## A Revolução da IA na Ásia-Pacífico: Thinking Machines e OpenAI Unem Forças
Prepare-se para uma nova era de inovação! A Thinking Machines Data Science está unindo forças com a OpenAI para transformar o cenário de negócios na Ásia-Pacífico (APAC). O objetivo? Desbloquear o potencial da inteligência artificial e gerar resultados tangíveis para empresas de todos os portes. Essa colaboração histórica torna a Thinking Machines a primeira parceira de serviços oficial da OpenAI na região, um marco que promete acelerar a adoção e o impacto da IA.
Enquanto a adoção da IA na APAC continua a crescer, muitas empresas ainda lutam para transformar projetos piloto em resultados reais. Uma pesquisa da IBM revelou que 61% das empresas já utilizam IA, mas enfrentam dificuldades para escalar suas iniciativas e gerar valor para o negócio. É aí que entra a parceria entre a Thinking Machines e a OpenAI. Juntas, elas oferecerão treinamento executivo em ChatGPT Enterprise, suporte para a criação de aplicações de IA personalizadas e orientação para integrar a IA nas operações do dia a dia.
Stephanie Sy, fundadora e CEO da Thinking Machines, destaca que a parceria vai além da simples implementação de tecnologia: "Não estamos apenas trazendo novas ferramentas, mas ajudando as organizações a desenvolver as habilidades, estratégias e sistemas de suporte necessários para aproveitar ao máximo a IA. Nosso objetivo é reinventar o futuro do trabalho por meio da colaboração entre humanos e IA, garantindo que a IA realmente funcione para as pessoas em toda a região da Ásia-Pacífico."
### Transformando Pilotos de IA em Resultados Reais
Em uma entrevista exclusiva, Stephanie Sy explicou que um dos maiores obstáculos para as empresas é a forma como abordam a adoção da IA. Muitas vezes, as organizações a veem como uma aquisição de tecnologia, em vez de uma transformação de negócios. Essa abordagem leva a projetos piloto que não progridem ou falham ao tentar escalar.
"O principal desafio é que muitas organizações abordam a IA como uma aquisição de tecnologia, em vez de uma transformação de negócios", disse ela. "Isso leva a projetos piloto que nunca escalam porque três fundamentos estão faltando: alinhamento claro da liderança sobre o valor a ser criado, redesenho dos fluxos de trabalho para incorporar a IA em como o trabalho é feito e investimento em habilidades da força de trabalho para garantir a adoção.
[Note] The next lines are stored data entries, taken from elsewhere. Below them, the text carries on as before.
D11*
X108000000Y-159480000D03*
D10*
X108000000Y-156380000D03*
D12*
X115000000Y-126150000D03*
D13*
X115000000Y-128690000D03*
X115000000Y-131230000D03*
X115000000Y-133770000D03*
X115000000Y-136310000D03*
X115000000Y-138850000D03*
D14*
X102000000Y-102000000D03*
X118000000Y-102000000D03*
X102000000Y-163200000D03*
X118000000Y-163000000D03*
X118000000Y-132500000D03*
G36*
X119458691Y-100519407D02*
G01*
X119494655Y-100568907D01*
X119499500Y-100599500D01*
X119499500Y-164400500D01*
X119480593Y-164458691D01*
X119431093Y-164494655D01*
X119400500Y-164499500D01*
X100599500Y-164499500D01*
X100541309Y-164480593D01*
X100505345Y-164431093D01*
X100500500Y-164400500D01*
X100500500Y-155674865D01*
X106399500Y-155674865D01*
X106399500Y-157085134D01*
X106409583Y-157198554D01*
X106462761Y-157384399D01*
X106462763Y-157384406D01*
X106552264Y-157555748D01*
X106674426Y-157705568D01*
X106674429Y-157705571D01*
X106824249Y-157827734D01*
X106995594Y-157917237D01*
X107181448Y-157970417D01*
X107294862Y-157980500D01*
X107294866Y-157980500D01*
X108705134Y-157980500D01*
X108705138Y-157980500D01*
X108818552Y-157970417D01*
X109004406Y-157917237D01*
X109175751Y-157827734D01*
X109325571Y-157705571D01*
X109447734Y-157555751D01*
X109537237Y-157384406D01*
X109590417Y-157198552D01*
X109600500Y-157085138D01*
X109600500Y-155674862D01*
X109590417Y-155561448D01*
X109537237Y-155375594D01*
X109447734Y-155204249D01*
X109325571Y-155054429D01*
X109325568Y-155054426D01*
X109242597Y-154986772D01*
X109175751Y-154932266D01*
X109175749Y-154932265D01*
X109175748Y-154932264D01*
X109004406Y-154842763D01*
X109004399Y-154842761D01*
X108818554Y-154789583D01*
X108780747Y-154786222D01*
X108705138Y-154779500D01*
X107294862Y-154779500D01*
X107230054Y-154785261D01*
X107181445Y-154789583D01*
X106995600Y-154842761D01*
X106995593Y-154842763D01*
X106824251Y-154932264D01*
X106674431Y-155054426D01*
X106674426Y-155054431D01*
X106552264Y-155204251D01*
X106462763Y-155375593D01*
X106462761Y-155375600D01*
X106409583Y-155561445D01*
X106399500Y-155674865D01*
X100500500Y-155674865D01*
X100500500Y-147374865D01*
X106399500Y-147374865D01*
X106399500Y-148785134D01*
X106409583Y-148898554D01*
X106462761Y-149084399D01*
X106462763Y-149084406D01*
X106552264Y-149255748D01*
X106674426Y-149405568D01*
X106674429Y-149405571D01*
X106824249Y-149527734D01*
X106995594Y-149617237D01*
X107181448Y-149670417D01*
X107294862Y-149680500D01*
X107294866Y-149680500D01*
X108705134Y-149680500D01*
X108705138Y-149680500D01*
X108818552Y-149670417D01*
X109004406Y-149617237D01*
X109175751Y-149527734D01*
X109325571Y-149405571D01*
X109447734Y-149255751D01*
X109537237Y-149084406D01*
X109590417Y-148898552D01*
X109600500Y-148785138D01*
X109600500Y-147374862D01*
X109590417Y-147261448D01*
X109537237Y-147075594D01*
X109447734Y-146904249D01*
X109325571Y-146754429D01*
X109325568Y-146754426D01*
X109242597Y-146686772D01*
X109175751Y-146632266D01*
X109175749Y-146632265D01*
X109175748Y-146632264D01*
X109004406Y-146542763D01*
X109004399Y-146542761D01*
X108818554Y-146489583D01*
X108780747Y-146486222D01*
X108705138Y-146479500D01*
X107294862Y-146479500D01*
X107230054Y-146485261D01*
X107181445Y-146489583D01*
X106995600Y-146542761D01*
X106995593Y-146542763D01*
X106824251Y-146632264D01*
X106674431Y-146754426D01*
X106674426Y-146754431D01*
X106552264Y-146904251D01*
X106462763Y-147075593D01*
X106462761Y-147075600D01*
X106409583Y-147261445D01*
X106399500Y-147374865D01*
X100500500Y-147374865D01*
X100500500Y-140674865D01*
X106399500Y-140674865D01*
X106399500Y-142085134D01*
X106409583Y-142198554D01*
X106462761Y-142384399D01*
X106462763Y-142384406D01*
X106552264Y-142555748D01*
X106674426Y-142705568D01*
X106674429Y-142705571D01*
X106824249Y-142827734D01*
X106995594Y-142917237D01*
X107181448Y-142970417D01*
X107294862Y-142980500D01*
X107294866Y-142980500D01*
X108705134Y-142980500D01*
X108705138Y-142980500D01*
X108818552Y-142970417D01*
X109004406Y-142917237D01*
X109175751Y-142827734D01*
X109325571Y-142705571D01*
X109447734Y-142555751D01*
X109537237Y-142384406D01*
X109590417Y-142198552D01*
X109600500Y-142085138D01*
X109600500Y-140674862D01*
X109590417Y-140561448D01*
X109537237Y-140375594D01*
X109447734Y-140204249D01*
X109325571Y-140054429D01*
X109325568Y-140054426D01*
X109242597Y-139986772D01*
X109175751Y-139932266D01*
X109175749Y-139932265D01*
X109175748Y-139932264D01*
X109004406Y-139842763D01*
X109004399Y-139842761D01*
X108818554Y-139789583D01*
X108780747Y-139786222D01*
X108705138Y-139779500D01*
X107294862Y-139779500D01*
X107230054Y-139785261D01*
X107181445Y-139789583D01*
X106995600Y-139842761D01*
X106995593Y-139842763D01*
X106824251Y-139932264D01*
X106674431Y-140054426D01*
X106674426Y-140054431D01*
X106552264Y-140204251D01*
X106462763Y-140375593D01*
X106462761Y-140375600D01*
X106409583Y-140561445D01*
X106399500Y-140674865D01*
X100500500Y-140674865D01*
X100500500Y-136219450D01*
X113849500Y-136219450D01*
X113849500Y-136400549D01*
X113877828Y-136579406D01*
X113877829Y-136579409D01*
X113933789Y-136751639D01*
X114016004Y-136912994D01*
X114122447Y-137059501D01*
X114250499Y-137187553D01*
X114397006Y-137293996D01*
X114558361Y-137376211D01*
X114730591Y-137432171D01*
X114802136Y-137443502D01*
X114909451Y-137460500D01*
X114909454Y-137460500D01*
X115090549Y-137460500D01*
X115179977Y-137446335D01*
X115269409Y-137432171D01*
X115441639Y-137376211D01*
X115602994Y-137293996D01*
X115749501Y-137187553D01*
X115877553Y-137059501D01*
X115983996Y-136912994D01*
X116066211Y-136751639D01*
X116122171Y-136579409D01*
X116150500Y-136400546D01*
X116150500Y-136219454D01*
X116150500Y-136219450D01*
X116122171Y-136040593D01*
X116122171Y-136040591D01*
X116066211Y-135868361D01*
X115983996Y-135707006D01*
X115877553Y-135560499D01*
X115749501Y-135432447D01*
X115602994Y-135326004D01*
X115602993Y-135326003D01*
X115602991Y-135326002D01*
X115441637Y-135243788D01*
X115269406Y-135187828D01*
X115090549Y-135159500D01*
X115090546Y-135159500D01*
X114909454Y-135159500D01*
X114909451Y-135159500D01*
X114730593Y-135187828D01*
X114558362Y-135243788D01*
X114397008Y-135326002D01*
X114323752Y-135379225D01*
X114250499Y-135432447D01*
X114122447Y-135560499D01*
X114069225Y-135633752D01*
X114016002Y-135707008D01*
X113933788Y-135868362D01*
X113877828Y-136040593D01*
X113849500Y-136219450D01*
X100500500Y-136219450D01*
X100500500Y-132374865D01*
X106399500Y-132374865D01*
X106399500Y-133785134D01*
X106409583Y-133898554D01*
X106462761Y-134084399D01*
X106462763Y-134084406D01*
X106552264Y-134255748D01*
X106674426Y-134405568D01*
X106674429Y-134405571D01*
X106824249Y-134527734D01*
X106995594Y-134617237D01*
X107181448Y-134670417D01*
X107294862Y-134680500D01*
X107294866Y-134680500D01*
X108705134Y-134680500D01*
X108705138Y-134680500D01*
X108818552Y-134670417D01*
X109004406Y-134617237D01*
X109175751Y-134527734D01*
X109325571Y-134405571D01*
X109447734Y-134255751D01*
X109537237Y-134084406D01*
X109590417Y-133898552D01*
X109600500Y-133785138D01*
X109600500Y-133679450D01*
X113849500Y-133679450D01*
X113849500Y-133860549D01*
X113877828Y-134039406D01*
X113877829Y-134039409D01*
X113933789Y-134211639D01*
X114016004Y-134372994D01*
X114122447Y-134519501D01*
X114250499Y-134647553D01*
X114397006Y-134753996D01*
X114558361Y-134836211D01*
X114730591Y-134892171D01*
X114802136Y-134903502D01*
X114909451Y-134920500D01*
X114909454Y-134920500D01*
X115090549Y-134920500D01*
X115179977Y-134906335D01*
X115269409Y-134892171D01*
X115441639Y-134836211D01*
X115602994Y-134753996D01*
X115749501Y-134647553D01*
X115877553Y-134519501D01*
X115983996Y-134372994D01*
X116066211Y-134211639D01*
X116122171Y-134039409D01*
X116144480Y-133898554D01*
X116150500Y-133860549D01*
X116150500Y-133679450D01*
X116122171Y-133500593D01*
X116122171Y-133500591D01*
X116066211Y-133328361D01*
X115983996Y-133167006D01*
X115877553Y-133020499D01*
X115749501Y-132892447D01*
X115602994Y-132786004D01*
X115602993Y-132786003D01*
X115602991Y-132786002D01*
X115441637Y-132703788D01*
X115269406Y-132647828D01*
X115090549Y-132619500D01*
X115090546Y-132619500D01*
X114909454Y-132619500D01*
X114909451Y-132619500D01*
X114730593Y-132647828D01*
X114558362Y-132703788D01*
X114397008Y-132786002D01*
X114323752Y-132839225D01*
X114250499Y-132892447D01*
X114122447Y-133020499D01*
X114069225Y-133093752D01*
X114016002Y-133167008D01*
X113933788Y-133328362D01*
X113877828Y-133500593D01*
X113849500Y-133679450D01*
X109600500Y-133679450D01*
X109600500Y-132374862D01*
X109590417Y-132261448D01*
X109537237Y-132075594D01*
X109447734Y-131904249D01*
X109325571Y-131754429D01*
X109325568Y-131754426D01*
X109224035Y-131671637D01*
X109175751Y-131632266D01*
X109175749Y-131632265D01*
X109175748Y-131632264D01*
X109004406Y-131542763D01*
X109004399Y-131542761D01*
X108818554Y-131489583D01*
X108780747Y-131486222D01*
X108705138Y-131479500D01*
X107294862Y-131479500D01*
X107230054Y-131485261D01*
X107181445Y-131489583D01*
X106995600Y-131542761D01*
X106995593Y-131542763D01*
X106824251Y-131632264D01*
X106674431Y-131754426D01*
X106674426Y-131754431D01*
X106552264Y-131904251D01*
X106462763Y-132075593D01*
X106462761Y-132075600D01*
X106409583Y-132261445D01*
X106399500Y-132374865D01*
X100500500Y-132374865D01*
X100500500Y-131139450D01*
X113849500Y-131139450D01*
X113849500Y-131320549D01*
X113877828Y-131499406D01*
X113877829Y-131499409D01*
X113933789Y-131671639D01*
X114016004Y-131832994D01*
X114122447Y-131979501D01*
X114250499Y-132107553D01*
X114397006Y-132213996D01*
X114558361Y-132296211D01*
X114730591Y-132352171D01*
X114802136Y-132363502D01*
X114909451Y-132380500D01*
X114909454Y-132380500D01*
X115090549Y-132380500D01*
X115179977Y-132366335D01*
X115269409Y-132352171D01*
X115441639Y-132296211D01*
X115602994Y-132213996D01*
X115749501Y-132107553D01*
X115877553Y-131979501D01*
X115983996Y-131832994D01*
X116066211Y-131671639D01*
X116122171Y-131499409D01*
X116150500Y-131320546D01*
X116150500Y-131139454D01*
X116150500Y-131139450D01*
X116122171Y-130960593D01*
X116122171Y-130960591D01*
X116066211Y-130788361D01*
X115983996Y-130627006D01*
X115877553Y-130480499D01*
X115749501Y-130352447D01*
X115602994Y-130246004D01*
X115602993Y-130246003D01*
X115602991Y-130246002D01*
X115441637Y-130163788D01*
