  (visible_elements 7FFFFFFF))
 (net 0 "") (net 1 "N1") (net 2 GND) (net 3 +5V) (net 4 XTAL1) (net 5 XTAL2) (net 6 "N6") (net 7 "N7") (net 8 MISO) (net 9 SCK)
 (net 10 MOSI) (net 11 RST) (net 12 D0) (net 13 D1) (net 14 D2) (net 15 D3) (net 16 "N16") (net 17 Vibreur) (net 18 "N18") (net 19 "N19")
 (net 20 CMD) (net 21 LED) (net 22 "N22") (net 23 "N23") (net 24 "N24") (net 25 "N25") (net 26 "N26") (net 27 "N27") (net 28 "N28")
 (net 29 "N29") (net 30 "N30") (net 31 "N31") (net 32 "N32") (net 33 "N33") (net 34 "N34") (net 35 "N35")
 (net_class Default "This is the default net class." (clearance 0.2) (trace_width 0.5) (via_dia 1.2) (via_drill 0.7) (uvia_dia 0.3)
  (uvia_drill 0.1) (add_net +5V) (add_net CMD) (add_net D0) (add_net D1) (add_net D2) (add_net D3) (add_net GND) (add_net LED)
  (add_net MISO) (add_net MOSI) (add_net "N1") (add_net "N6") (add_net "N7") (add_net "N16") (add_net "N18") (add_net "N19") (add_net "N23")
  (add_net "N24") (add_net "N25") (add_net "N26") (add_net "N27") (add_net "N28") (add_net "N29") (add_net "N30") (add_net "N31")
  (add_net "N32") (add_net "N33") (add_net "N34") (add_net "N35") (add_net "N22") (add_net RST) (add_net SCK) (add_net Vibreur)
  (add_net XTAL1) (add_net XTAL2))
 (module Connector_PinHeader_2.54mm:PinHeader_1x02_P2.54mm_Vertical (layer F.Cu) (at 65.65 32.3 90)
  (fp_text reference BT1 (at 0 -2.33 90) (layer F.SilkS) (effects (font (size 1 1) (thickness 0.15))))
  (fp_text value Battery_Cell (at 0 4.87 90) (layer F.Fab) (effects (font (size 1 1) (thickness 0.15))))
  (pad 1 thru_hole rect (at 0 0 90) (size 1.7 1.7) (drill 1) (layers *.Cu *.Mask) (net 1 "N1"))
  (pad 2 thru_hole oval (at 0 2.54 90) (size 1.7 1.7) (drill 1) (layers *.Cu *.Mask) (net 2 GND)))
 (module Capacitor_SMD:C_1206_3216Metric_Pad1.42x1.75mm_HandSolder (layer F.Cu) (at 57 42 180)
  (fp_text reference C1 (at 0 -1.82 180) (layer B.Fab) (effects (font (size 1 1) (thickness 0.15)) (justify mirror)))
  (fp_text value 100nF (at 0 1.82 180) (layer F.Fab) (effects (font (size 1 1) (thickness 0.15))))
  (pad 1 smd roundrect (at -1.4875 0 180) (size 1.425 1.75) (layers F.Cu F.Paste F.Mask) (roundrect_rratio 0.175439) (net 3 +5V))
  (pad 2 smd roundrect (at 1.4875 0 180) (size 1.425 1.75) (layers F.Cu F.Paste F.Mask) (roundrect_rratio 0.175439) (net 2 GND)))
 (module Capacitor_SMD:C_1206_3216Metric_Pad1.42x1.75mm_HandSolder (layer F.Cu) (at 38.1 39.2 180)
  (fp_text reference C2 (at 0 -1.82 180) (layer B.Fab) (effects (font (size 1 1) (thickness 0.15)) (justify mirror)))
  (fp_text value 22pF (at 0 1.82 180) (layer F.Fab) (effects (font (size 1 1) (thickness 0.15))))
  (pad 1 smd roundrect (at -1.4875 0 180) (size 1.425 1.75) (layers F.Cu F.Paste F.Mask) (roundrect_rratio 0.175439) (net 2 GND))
Acerte esses três – visão, processo, pessoas – e os pilotos se transformam em impacto."
### Liderança no Centro da Transformação
Muitos executivos ainda tratam a IA como um projeto técnico, em vez de uma prioridade estratégica. Stephanie Sy acredita que os conselhos e as altas gerências precisam dar o tom. Seu papel é decidir se a IA é um motor de crescimento ou apenas um risco gerenciado.
"Os conselhos e as altas gerências definem o tom: a IA é um motor de crescimento estratégico ou um risco gerenciado? Seu papel é nomear alguns resultados prioritários, definir o apetite ao risco e atribuir a propriedade clara", disse ela. A Thinking Machines geralmente começa com sessões executivas onde os líderes podem explorar onde ferramentas como o ChatGPT agregam valor, como governá-las e quando escalar. "Essa clareza de cima para baixo é o que transforma a IA de um experimento em uma capacidade empresarial."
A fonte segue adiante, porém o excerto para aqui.